Please click here to view Danny Werfel’s AI Risk Framework for Tax Authorities and Tax Preparers.
A commercial airline pilot recently told me that at some point in my lifetime passengers will fly on aircraft with no pilot in the cockpit.
"Not this passenger," I responded, pointing at myself with my two thumbs.
It wasn't because I doubted the technology. I can be convinced, as a technical matter, that autonomous aviation will one day be safe enough to completely eliminate the need for a human pilot. I assured the pilot he didn't need to prove it to me mathematically. I believe the math. My hesitation comes from a different place.
Trust is more than a calculation. It is influenced by qualitative considerations that resist easy measurement, including subjective expectations we may have on norms, traditions, and the as yet unresolved tension between person and machine when it comes to judgement.
My conversation with the pilot captures a divide that I increasingly see in discussions between the sellers and buyers of AI.
Those selling AI understandably focus on what the technology can do. Those responsible for deploying it, particularly in highly regulated professions, focus on a different question: “What gives us permission to trust it?”
Few professions feel that tension more acutely than tax, where AI solutions are multiplying.
Responsible tax professionals are rarely rewarded for being first. They are rewarded for being right. So, no matter how enticing the promised productivity seen in an AI demonstration, a persistent question will stall adoption until it is answered: “How do I know this system is reliable enough to use?”
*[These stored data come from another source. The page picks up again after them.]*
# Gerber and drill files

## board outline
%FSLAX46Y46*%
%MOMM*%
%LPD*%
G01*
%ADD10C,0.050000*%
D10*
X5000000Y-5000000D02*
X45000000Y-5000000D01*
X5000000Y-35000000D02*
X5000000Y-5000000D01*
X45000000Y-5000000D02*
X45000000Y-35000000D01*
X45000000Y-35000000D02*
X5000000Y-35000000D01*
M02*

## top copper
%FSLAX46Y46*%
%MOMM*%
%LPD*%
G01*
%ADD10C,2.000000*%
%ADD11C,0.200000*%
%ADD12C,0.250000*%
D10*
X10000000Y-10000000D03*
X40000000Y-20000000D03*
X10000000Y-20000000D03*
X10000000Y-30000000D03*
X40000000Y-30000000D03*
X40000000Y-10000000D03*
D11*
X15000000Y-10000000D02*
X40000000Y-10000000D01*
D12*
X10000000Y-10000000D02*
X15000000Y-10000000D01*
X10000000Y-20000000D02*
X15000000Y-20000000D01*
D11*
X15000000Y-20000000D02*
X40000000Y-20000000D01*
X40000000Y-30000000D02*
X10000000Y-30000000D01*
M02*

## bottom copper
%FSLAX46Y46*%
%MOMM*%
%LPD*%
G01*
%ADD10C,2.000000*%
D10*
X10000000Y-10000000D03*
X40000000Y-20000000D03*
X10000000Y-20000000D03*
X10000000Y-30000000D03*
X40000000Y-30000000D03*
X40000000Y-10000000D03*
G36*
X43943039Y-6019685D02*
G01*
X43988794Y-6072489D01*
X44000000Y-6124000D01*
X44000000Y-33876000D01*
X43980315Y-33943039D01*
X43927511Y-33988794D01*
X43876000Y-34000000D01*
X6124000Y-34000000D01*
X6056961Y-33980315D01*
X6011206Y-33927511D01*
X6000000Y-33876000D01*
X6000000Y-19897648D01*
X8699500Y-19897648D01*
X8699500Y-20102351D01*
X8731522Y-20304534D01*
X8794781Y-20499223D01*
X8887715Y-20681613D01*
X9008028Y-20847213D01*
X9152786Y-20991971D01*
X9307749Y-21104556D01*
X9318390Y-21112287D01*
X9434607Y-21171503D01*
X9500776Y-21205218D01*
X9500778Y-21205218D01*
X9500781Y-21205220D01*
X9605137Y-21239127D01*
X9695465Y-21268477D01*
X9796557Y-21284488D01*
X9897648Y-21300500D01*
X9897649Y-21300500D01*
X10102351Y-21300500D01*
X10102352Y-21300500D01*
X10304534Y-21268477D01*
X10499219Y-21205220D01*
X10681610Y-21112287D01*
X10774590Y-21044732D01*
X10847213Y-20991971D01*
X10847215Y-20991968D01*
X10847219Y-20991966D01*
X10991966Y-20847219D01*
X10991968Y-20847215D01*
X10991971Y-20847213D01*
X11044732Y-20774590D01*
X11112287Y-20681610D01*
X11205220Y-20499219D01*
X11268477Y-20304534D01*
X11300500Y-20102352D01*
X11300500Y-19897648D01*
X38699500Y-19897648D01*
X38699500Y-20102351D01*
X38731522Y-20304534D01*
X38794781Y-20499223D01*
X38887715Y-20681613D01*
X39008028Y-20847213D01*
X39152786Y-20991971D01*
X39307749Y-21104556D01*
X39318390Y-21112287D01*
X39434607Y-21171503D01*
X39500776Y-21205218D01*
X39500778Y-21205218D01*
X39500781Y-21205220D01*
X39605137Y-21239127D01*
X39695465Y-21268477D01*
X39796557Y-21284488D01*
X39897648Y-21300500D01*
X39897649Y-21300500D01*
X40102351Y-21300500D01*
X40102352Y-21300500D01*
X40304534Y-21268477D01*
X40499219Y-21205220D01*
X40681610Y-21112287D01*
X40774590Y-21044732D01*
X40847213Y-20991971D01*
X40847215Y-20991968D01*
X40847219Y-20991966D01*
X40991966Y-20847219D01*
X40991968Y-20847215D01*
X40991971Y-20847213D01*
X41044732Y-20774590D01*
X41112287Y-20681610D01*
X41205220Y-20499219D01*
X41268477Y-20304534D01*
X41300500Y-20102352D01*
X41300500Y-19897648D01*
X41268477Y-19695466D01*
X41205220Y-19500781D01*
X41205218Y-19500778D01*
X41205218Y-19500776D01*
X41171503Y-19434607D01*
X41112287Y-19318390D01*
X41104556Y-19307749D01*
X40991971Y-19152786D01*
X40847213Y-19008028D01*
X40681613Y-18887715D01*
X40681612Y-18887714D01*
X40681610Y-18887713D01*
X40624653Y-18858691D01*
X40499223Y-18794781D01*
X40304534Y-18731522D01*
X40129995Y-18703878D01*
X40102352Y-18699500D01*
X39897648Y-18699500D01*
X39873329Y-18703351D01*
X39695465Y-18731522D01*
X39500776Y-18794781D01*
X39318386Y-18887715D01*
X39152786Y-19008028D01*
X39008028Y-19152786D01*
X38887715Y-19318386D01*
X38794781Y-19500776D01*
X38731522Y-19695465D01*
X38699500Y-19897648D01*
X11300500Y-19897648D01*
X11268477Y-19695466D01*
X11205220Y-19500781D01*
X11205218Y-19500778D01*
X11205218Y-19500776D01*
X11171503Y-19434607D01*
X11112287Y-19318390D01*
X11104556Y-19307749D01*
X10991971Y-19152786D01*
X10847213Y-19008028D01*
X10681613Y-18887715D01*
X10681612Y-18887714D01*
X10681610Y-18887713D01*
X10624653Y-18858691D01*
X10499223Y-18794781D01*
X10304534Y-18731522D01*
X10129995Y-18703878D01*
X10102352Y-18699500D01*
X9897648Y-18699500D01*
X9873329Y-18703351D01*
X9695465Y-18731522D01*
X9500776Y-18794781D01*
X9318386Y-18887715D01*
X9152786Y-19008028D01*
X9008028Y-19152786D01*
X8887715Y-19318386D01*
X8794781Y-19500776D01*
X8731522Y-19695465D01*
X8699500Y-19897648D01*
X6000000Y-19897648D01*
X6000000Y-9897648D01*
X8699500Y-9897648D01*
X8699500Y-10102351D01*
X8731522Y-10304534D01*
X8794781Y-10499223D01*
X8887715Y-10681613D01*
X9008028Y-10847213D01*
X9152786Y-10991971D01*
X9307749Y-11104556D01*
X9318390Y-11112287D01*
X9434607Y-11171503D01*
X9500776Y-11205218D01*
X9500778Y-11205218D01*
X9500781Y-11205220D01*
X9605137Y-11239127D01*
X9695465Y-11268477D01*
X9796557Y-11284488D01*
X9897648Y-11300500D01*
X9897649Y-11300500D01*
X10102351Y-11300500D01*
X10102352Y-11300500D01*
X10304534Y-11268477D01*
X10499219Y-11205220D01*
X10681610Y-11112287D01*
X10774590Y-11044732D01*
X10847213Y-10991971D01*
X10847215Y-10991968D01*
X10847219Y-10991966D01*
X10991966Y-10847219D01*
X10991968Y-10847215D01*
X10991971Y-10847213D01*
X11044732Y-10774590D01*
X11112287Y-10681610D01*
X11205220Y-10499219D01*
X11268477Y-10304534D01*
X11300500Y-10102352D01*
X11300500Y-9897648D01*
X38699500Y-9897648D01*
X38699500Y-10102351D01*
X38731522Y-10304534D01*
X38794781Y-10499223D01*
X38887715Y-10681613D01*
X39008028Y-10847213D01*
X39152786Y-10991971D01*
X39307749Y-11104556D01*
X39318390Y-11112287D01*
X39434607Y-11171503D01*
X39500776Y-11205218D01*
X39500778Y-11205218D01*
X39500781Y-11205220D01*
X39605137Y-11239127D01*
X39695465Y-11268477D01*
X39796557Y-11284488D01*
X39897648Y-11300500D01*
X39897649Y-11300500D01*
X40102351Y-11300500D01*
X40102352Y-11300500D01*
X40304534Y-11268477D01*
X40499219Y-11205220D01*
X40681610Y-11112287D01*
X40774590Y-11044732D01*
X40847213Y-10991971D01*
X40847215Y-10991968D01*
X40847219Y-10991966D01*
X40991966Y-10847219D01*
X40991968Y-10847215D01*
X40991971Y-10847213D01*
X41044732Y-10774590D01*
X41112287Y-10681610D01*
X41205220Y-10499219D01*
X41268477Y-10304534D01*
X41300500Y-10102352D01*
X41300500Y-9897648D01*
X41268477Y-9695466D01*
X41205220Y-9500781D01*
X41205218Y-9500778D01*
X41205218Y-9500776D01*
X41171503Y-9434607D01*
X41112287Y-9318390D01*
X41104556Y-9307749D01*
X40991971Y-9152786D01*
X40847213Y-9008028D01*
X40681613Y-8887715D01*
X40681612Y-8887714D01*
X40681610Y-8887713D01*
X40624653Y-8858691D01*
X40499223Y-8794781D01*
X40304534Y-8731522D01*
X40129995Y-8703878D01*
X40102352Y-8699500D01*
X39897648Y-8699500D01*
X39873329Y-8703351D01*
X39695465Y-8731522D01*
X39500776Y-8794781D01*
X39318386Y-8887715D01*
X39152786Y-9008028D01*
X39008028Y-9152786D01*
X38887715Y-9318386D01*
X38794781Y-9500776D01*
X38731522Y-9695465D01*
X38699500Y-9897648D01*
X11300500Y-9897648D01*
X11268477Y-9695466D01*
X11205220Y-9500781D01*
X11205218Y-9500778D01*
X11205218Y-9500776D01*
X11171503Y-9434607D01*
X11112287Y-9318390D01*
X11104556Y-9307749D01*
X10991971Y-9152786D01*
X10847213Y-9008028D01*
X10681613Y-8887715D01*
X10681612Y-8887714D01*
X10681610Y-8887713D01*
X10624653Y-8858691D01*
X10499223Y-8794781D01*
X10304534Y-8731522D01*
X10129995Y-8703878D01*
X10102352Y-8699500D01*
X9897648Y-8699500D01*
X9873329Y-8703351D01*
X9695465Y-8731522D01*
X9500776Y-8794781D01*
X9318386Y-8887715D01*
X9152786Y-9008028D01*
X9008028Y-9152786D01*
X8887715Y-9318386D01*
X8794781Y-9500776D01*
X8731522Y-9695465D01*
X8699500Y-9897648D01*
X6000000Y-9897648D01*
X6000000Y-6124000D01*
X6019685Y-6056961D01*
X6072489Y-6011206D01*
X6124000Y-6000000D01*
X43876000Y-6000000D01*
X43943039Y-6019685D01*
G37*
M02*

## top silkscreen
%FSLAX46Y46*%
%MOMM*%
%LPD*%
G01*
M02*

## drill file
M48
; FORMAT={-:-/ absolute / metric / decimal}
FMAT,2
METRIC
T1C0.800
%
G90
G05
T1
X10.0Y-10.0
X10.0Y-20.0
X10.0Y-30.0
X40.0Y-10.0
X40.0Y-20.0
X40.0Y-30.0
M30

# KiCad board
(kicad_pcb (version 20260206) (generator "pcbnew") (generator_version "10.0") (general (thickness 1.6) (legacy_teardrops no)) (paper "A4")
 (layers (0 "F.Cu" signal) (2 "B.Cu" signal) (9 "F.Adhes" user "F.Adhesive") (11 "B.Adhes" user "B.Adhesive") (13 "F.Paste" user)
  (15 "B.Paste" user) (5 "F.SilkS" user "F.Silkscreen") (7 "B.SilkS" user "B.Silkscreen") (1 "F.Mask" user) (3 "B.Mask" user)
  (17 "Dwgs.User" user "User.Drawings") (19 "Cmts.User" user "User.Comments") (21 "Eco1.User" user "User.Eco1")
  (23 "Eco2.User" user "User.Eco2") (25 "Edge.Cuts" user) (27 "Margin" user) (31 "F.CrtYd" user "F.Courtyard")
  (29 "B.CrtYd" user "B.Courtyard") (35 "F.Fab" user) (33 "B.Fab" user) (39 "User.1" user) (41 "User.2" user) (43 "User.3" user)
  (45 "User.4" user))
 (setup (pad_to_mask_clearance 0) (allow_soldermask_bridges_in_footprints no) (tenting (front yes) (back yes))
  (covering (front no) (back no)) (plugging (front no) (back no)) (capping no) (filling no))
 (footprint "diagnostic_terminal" (layer "F.Cu") (at 10 10)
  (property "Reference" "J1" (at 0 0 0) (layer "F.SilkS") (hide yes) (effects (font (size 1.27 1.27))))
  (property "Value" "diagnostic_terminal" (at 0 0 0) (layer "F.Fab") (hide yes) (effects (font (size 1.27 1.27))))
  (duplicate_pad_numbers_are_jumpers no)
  (pad "1" thru_hole circle (at 0 0) (size 2 2) (drill 0.8) (layers "*.Cu") (remove_unused_layers no) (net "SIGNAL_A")))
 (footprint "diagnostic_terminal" (layer "F.Cu") (at 40 20)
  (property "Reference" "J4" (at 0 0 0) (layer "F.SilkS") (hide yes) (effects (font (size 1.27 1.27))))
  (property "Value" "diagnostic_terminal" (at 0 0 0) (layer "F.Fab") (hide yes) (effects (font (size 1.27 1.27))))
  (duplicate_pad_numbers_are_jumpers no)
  (pad "1" thru_hole circle (at 0 0) (size 2 2) (drill 0.8) (layers "*.Cu") (remove_unused_layers no) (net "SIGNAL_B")))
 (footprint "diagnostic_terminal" (layer "F.Cu") (at 10 20)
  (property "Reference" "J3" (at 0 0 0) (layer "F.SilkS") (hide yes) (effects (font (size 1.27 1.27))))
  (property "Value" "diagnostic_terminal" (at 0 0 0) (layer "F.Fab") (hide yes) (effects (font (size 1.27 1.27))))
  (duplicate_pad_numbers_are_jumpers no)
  (pad "1" thru_hole circle (at 0 0) (size 2 2) (drill 0.8) (layers "*.Cu") (remove_unused_layers no) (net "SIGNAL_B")))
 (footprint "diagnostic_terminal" (layer "F.Cu") (at 10 30)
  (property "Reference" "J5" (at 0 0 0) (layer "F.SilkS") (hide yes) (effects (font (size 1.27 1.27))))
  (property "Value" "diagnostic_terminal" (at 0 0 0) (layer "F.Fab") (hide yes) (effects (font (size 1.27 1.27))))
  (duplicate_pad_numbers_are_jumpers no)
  (pad "1" thru_hole circle (at 0 0) (size 2 2) (drill 0.8) (layers "*.Cu") (remove_unused_layers no) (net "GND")))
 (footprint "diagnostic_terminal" (layer "F.Cu") (at 40 30)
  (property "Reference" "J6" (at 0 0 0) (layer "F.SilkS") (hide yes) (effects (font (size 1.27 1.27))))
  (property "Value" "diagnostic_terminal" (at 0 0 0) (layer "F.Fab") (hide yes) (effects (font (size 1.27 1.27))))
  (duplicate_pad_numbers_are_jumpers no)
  (pad "1" thru_hole circle (at 0 0) (size 2 2) (drill 0.8) (layers "*.Cu") (remove_unused_layers no) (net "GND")))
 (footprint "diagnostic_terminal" (layer "F.Cu") (at 40 10)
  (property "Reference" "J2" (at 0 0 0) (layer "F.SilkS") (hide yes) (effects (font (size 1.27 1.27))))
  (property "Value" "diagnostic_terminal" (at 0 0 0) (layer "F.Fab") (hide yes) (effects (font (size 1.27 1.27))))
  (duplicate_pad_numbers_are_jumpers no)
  (pad "1" thru_hole circle (at 0 0) (size 2 2) (drill 0.8) (layers "*.Cu") (remove_unused_layers no) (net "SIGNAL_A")))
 (gr_line (start 5 5) (end 45 5) (stroke (width 0.05) (type default)) (layer "Edge.Cuts"))
 (gr_line (start 5 35) (end 5 5) (stroke (width 0.05) (type default)) (layer "Edge.Cuts"))
 (gr_line (start 45 5) (end 45 35) (stroke (width 0.05) (type default)) (layer "Edge.Cuts"))
 (gr_line (start 45 35) (end 5 35) (stroke (width 0.05) (type default)) (layer "Edge.Cuts"))
 (segment (start 15 10) (end 40 10) (width 0.2) (layer "F.Cu") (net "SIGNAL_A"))
 (segment (start 10 10) (end 15 10) (width 0.25) (locked yes) (layer "F.Cu") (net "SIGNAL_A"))
 (segment (start 10 20) (end 15 20) (width 0.25) (locked yes) (layer "F.Cu") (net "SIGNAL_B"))
 (segment (start 15 20) (end 40 20) (width 0.2) (layer "F.Cu") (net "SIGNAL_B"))
 (segment (start 40 30) (end 10 30) (width 0.2) (layer "F.Cu") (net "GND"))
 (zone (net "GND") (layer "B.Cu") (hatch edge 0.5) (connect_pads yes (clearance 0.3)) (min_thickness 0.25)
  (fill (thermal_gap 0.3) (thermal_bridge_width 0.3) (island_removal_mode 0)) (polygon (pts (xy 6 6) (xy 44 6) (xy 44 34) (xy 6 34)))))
In mature markets, the buyer doesn’t start with a blank sheet of paper. Take, for example, a government defence authority considering the purchase of an airplane from Boeing or Lockheed Martin. There are many questions that the buyer need not ask. The buyer will know, for example, that the fuel system, wiring and rudder were all built to recognised engineering standards and heavily tested and inspected before it leaves the assembly line and moves into the marketplace.
AI offers no comparable foundation.
Organisations purchasing AI today cannot assume that common safeguards exist. There is no universally accepted engineering standard, no independent inspection regime, and no agreed-upon baseline that tells a buyer what questions have already been answered – or which ones still need to be asked.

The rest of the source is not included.